# Vizslas and Doberman Pinschers...



## lildancngurl (Jan 13, 2013)

What do you think?

We'll be getting Ginny a little baby sister (or brother if we do get a dobe) when she's around one or two. Whatever age she's more mature. 
If we do get a boy, we'll be neutering him, as we can't spay her (competition dog) to release us from the stresses of stopping them from mating. I do realize that we'll need to stop him from mounting her while she's in heat, still..but I'd much rather do that than worry about my baby becoming pregnant unexpectedly. (How crazy would a dobe/vizsla mix look!?)

We've fallen in love with Vizslas and Dobes alike and think it would be awesome to be owned by them both.
They seem to be the perfect match..high energy, 'velcro-ey' dogs...

Have you guys had any experience with the intermingling of Vizslas and Dobes (We'll be putting him in obedience/training, of course. Wouldn't want an unruly dobe..or a vizsla at that. ) If so, how do they act towards each other? I tried to ask on the doberman forum, but they don't really have any experience with Vizslas over there. I did get one guy saying he had 3 V's and a dobe and that they got along great! I would like a little more input from you guys.

THANK YOU!


----------



## dmak (Jul 25, 2012)

I can't speak so much to there home life, but kauzy's always gotten along with every dobe he's encountered. One of his daily running mates is a dobe and they are great pals. I don't think there would be an issue as both have similar personalities


----------



## datacan (May 15, 2011)

We play with a Dobie intact girl... just because. They play different period


----------



## NeverGiveUpRAC (Aug 27, 2012)

Cole, my V and I live with my mom who has a Doberman, Bella. Cole LOVES her and she enjoys playing with him. They really love going out together to the woods and at the park. They don't cuddle or anything. 

Bella is very protective and possessive of my mom and guards her sometimes so there is jealousy when my mom pays attention to Cole. She will snap at him.
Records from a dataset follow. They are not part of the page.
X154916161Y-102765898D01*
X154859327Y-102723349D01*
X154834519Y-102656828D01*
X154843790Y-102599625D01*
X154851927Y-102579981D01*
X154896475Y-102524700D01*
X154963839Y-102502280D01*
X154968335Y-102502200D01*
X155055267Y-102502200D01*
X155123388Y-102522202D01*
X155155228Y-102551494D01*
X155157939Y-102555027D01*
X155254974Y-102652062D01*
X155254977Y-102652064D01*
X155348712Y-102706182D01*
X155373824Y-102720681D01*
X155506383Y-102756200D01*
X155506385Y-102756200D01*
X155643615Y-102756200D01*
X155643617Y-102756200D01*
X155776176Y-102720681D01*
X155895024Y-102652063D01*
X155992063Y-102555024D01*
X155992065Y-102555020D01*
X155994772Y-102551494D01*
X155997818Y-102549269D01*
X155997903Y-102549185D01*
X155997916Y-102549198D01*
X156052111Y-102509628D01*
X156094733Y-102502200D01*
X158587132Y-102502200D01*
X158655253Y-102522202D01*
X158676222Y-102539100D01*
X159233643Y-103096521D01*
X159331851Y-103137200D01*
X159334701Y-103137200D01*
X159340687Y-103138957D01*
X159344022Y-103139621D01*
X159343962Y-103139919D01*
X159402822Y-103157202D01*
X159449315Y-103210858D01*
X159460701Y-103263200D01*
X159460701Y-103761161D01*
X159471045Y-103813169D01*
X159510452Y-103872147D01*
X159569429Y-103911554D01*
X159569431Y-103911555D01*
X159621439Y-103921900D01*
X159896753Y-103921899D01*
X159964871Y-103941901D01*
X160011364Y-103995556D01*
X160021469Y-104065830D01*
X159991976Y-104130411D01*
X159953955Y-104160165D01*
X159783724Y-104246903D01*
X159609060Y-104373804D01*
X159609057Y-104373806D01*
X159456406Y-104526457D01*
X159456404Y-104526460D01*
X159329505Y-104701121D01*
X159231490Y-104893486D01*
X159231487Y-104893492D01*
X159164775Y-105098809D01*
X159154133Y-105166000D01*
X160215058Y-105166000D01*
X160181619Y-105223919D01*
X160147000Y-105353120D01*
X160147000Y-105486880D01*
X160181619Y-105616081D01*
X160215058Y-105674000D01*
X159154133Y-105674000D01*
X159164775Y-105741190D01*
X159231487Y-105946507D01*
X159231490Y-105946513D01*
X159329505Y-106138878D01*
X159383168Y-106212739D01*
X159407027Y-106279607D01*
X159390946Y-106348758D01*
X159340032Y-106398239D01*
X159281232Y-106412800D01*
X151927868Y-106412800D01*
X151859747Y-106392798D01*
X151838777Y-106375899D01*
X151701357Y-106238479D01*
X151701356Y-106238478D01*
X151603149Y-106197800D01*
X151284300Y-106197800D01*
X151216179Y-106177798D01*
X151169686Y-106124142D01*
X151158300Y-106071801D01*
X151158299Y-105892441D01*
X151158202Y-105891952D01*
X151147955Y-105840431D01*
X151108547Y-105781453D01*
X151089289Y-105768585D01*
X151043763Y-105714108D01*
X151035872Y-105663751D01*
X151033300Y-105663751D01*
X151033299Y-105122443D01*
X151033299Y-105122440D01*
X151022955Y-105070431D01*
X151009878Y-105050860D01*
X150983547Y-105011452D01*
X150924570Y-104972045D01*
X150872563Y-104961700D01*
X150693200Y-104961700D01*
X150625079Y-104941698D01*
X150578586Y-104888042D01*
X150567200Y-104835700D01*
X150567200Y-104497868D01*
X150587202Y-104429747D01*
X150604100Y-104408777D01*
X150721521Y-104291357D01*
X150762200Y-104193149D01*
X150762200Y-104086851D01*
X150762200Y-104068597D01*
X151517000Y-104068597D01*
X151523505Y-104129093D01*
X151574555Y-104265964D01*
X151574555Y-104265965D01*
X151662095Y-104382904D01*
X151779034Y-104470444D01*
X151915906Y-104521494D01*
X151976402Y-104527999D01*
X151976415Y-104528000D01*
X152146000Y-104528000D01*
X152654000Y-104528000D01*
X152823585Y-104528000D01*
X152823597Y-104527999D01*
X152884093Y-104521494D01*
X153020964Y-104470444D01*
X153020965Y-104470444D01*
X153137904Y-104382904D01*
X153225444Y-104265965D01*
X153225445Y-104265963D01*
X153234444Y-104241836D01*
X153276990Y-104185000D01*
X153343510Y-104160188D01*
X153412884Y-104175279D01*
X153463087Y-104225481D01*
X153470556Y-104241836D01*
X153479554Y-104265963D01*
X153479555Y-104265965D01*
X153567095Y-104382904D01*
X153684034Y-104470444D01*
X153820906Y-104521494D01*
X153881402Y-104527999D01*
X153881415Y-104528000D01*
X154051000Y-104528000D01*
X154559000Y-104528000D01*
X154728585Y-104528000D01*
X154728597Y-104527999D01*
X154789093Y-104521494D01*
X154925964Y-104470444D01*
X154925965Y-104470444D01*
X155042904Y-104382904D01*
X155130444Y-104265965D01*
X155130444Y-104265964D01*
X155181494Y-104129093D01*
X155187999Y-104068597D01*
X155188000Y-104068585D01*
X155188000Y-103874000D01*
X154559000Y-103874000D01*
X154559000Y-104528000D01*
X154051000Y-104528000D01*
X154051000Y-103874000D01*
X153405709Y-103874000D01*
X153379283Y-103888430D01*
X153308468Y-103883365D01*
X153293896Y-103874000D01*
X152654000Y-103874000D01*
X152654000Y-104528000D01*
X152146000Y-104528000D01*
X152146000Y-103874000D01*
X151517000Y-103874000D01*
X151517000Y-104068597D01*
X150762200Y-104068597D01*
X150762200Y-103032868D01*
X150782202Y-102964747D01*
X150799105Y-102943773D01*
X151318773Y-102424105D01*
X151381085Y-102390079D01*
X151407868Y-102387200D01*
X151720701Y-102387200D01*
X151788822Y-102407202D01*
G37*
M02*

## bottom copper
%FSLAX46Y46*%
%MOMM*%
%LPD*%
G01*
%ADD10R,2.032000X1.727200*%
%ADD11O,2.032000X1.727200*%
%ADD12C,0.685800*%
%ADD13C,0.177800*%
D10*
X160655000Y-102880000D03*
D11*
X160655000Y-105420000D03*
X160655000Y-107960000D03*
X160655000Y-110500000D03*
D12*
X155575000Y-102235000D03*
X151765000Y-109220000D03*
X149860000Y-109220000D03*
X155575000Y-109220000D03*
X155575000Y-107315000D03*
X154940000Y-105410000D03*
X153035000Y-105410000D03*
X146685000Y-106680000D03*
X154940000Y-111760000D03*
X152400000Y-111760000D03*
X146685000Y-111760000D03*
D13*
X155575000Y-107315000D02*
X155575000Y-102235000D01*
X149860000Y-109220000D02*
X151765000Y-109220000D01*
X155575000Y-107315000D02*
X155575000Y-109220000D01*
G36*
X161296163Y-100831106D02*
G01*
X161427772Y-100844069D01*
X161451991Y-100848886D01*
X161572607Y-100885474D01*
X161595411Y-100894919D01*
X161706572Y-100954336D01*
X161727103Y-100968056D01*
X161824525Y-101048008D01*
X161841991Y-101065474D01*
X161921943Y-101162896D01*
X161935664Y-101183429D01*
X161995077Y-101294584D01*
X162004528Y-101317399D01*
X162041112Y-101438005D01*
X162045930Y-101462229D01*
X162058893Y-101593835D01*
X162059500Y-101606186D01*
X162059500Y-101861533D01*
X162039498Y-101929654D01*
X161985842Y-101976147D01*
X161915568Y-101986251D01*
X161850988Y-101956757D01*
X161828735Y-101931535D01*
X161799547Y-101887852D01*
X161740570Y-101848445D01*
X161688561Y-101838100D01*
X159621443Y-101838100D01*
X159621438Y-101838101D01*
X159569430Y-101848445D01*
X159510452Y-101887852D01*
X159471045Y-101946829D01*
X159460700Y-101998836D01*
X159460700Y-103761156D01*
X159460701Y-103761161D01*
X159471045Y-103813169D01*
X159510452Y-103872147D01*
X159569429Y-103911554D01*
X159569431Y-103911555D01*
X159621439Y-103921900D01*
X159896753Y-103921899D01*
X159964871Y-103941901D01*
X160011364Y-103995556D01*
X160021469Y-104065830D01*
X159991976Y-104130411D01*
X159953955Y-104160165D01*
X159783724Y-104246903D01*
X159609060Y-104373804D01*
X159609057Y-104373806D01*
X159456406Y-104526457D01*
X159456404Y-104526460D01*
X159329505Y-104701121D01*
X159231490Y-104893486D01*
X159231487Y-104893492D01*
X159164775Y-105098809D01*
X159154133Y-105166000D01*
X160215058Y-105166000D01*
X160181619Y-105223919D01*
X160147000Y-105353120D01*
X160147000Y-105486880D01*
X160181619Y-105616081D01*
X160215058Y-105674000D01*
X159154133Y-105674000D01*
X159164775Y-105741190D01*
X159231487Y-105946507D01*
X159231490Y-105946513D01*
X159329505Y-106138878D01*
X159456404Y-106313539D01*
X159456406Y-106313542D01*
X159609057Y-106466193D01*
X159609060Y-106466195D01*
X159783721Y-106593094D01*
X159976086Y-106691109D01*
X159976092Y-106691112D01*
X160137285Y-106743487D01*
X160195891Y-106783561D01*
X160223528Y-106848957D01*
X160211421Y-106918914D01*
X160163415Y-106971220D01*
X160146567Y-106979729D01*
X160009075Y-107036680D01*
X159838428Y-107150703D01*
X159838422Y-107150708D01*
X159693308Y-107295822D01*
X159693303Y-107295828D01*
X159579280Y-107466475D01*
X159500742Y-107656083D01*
She doesn't have any obedience training really...only sit, so having yours in obedience training could possibly rule out any of this behavior I am talking about. She wants the Alpha spot as well so constantly reminds Cole that she is top dog. If Bella was all mine, she would be training with Cole when I do his training and tracking exercises and all that. She is extremely sensitive and shuts down when she doesn't know what I want, example a new game or exercise. 

All in all I think if you handle situations correctly it could def work out. Bella is a sweetheart as is Cole.


----------



## lyra (Nov 2, 2012)

Lyra has regularly played with an adult Doberman on the beach from the age of about four months. To be fair the Dobi is pretty gentle with her (as gentle as you can be when you weigh 40Kg) but it was a strange sight at that age!

My only word of caution is that if you get a male it is always better to let them fully mature before neutering them, especially in a large breed where it effects their musculosceletal development as well as their behaviour. This obviously doesn't sit well with your need to keep Ginny unspayed.


----------



## NeverGiveUpRAC (Aug 27, 2012)

http://www.vizslaforums.com/index.php/topic,5854.msg44587.html#msg44587

There's a few pictures of Cole and Bella there...


----------



## lildancngurl (Jan 13, 2013)

So beautiful, RAC! Thanks for sharing!


----------



## NeverGiveUpRAC (Aug 27, 2012)

Oh thank you! You're welcome!! Be sure to share pics when you get yours!!!


----------